ACTIVITY >>
The line containing "X185528247Y-75560489D01*" marks the end, so write out exactly every line from the top of the entries below through that one.

DATA LISTING >>
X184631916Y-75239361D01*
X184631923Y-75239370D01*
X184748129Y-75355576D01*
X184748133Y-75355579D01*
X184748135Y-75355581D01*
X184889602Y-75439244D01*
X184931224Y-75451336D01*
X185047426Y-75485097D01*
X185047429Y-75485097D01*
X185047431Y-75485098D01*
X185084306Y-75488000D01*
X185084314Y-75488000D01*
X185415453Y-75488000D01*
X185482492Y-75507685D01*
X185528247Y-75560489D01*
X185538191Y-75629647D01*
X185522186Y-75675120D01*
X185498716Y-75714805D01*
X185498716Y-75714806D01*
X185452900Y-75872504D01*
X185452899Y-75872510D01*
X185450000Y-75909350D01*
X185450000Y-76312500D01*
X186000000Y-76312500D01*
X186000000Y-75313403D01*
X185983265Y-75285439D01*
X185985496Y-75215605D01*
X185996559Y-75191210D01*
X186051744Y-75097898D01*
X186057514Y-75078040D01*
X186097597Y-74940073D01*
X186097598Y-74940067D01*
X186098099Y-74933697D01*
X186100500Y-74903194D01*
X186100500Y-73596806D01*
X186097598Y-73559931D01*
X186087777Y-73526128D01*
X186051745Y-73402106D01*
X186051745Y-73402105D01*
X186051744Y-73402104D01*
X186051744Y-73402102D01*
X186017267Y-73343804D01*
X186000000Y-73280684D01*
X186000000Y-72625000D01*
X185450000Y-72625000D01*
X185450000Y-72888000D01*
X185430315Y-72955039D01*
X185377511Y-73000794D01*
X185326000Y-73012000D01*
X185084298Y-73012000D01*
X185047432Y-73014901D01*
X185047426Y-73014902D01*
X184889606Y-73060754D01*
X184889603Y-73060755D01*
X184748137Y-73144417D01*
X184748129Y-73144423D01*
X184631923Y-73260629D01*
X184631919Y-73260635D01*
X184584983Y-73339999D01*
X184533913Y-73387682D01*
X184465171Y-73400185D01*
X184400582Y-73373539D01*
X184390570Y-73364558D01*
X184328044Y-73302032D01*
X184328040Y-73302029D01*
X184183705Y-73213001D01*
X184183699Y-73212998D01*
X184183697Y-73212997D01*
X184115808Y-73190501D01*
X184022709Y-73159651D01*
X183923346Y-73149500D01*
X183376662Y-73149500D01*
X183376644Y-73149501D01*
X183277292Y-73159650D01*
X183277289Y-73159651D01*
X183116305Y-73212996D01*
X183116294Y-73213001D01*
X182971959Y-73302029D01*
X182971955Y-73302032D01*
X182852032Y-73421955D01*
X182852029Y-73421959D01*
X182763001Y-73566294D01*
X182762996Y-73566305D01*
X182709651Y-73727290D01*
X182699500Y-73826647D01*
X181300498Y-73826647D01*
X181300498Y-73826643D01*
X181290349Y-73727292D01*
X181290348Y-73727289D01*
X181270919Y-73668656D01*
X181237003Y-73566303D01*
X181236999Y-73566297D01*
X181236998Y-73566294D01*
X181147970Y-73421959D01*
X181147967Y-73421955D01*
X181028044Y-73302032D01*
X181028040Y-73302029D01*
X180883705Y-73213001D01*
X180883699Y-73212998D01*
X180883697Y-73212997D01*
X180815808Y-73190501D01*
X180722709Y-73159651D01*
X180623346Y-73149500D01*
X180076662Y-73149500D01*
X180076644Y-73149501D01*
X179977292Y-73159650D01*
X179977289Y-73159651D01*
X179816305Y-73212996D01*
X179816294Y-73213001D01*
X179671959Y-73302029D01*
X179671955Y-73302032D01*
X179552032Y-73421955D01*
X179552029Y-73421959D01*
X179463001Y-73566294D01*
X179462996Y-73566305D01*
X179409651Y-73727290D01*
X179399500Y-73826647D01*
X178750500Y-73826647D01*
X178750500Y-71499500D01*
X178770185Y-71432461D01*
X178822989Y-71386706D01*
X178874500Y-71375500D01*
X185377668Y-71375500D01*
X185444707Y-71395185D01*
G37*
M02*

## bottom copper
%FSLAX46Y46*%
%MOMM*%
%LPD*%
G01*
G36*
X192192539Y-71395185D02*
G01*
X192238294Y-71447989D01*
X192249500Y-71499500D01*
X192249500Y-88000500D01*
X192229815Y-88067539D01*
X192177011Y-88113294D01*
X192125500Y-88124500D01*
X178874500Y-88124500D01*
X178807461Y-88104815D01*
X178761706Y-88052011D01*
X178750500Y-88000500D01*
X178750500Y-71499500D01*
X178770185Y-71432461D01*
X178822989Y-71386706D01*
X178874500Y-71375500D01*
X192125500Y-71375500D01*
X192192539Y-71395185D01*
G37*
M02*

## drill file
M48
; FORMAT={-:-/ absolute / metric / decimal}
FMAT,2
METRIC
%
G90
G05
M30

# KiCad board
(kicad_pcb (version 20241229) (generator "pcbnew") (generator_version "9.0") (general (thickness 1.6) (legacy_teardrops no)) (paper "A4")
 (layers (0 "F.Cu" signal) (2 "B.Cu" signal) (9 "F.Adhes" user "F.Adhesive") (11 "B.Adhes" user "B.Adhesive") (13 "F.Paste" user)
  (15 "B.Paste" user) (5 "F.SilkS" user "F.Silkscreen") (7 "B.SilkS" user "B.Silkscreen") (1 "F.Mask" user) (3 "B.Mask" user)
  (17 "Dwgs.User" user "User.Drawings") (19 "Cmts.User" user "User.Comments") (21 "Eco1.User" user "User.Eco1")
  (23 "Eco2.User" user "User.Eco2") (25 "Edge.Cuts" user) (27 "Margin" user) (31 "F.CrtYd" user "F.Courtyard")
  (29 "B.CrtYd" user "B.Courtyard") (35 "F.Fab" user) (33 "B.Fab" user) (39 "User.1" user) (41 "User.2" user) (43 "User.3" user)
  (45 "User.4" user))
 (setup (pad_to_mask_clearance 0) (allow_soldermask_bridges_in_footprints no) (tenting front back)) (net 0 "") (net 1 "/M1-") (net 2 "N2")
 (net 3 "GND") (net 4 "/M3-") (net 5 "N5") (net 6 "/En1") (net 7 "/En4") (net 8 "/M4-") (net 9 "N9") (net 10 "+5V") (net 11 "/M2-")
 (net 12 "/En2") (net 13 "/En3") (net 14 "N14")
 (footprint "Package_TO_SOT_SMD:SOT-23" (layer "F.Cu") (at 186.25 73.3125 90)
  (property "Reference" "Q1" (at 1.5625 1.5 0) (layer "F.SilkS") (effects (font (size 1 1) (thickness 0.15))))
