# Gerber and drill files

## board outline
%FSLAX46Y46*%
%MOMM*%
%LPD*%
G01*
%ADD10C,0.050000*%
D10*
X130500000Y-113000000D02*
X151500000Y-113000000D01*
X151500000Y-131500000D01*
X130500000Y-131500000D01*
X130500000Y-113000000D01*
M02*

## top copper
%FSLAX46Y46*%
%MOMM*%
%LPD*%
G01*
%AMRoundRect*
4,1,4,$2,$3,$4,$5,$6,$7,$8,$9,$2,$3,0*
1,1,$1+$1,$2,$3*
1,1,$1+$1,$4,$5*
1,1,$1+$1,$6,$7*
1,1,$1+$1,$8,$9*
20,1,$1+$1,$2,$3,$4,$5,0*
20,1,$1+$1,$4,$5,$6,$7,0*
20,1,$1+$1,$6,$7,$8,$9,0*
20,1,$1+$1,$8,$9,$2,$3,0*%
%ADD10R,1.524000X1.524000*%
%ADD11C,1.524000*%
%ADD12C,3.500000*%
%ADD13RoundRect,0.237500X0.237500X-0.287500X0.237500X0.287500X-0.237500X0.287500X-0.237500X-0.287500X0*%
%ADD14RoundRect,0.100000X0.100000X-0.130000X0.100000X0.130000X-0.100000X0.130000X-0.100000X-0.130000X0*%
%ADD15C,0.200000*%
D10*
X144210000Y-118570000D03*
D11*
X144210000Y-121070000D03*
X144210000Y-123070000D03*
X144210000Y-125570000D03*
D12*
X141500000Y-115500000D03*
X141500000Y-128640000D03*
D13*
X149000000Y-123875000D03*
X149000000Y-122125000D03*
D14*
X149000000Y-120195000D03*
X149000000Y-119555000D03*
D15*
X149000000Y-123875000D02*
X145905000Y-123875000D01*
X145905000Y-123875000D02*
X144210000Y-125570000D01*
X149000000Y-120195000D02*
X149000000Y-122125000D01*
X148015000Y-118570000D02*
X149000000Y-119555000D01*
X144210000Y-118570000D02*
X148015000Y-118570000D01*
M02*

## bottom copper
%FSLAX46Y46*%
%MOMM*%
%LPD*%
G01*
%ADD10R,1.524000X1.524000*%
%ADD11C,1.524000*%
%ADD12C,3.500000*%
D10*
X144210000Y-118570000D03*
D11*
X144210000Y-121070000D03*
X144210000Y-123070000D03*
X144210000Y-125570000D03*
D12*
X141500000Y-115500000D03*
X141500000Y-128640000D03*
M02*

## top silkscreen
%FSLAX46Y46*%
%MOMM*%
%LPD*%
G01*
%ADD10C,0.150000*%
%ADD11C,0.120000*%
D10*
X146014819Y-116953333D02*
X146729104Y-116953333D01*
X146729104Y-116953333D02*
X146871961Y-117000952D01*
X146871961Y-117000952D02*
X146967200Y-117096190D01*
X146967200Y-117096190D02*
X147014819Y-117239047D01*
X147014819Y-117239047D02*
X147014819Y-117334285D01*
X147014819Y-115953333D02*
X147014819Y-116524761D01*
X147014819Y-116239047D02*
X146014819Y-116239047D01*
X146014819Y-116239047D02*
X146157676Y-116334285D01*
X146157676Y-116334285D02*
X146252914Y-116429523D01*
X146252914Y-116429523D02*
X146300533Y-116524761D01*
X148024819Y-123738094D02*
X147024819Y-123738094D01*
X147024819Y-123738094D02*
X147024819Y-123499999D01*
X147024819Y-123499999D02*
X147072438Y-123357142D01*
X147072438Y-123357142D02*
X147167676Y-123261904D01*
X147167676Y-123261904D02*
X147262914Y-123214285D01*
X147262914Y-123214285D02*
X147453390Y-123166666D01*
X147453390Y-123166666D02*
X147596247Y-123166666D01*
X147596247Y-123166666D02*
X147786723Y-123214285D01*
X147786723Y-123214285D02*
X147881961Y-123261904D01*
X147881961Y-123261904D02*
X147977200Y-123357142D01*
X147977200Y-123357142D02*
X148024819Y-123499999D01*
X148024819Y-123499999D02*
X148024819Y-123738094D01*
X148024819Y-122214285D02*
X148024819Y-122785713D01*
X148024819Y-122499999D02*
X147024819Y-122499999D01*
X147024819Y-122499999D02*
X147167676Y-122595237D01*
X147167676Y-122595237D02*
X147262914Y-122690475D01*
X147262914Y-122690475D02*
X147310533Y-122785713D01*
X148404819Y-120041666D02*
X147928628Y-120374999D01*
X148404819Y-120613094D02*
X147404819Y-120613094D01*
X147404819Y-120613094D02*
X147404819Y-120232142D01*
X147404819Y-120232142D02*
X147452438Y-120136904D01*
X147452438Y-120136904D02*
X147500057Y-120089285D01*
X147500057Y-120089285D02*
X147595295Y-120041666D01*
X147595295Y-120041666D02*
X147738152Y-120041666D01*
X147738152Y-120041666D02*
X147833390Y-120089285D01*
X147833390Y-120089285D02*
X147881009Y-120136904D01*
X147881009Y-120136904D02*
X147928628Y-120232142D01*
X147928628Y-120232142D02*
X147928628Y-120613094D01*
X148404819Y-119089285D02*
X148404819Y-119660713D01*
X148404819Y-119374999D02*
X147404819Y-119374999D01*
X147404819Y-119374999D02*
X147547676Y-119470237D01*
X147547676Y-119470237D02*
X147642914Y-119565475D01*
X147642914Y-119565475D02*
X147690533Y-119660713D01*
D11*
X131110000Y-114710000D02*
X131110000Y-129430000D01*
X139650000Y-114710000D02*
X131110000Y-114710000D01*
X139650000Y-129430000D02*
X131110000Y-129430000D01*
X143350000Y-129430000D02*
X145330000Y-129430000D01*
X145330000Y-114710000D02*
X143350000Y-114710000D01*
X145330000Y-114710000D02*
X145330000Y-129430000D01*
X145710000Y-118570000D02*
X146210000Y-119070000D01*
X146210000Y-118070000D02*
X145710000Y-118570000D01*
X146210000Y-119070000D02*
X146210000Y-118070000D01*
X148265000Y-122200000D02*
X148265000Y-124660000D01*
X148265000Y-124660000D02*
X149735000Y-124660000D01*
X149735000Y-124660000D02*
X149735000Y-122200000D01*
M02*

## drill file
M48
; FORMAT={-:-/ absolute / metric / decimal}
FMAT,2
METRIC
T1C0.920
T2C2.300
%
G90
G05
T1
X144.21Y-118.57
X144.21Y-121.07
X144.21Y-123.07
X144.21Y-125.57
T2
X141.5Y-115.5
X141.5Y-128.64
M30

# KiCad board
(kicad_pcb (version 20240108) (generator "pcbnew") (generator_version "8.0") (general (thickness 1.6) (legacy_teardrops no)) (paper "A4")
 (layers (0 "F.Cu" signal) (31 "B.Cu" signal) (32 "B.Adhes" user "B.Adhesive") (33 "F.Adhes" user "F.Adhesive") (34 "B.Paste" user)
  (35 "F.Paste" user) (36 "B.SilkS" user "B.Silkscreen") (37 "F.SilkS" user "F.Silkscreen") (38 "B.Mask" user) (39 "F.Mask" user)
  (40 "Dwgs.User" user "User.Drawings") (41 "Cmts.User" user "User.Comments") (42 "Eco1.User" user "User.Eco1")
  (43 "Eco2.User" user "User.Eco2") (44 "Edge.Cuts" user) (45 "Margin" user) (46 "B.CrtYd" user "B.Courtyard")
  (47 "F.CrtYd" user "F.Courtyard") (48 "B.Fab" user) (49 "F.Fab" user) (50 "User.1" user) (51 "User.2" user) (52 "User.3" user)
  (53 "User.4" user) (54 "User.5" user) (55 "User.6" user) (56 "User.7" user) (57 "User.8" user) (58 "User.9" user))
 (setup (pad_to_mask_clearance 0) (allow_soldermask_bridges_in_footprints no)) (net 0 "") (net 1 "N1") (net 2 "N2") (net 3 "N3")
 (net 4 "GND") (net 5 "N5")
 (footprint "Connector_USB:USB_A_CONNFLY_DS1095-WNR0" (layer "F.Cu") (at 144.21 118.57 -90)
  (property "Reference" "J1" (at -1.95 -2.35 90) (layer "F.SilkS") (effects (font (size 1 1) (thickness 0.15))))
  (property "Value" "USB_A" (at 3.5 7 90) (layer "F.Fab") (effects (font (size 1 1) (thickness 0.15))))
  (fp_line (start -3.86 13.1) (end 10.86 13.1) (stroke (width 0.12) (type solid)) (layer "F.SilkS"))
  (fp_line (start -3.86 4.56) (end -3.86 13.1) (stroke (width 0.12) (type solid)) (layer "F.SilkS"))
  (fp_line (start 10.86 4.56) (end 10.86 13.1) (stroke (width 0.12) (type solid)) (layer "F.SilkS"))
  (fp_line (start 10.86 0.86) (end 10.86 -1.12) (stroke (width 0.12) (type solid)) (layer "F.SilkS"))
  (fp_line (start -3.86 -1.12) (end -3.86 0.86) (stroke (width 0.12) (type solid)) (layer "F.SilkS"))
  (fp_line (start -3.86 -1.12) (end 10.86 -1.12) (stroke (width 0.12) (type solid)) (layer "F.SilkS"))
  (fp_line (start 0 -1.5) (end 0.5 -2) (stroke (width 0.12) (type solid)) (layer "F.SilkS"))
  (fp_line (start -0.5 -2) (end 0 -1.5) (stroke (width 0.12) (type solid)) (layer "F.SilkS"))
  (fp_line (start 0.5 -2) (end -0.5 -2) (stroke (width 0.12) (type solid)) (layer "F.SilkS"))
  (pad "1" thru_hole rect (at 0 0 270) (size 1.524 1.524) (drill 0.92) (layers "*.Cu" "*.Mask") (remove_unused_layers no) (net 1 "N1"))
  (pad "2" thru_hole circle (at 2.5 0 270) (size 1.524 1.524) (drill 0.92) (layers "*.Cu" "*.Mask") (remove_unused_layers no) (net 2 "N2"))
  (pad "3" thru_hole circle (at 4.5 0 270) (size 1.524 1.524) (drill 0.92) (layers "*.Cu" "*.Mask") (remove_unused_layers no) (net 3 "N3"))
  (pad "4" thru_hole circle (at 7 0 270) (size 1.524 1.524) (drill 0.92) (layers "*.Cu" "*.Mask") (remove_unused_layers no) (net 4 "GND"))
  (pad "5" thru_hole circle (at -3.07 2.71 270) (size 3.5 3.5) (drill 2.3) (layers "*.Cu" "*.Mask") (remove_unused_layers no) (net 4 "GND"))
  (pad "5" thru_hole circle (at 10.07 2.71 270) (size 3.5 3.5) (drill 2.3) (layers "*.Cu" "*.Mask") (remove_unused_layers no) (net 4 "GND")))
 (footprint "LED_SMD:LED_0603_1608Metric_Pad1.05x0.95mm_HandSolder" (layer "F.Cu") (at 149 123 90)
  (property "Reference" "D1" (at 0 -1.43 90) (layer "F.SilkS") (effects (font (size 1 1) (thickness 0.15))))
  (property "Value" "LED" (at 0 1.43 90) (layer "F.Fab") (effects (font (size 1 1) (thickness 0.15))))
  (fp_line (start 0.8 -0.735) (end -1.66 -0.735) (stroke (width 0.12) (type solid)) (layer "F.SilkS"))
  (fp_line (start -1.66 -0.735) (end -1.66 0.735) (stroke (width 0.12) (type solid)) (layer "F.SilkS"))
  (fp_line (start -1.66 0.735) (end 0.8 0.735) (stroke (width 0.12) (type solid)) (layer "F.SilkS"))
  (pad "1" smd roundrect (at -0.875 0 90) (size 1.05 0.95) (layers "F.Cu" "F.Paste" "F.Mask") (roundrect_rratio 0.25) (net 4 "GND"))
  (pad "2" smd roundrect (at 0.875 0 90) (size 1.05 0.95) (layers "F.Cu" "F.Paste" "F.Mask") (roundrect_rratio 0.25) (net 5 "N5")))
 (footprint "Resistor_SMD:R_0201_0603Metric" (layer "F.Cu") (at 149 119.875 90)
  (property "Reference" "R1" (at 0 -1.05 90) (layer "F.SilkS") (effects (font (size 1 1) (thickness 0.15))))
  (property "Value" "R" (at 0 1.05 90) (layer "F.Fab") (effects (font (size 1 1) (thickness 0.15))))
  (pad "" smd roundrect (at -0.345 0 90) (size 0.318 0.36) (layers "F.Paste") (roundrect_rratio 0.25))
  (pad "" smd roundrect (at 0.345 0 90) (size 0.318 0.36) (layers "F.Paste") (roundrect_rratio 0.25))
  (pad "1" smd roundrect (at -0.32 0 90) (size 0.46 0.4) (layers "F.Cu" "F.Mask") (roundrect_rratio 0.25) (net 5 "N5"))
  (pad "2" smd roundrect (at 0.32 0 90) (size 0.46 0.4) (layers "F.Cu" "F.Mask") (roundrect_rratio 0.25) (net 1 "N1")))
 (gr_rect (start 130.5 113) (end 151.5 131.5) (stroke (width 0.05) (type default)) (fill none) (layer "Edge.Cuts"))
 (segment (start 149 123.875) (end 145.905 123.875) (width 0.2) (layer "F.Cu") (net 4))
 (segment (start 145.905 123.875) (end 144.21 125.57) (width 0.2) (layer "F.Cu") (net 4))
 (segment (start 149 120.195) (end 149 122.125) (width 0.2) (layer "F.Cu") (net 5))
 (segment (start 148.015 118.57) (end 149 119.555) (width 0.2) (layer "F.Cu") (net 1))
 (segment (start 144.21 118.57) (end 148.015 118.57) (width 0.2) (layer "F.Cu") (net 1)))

REPLY >>
X184631916Y-75239361D01*
X184631923Y-75239370D01*
X184748129Y-75355576D01*
X184748133Y-75355579D01*
X184748135Y-75355581D01*
X184889602Y-75439244D01*
X184931224Y-75451336D01*
X185047426Y-75485097D01*
X185047429Y-75485097D01*
X185047431Y-75485098D01*
X185084306Y-75488000D01*
X185084314Y-75488000D01*
X185415453Y-75488000D01*
X185482492Y-75507685D01*
X185528247Y-75560489D01*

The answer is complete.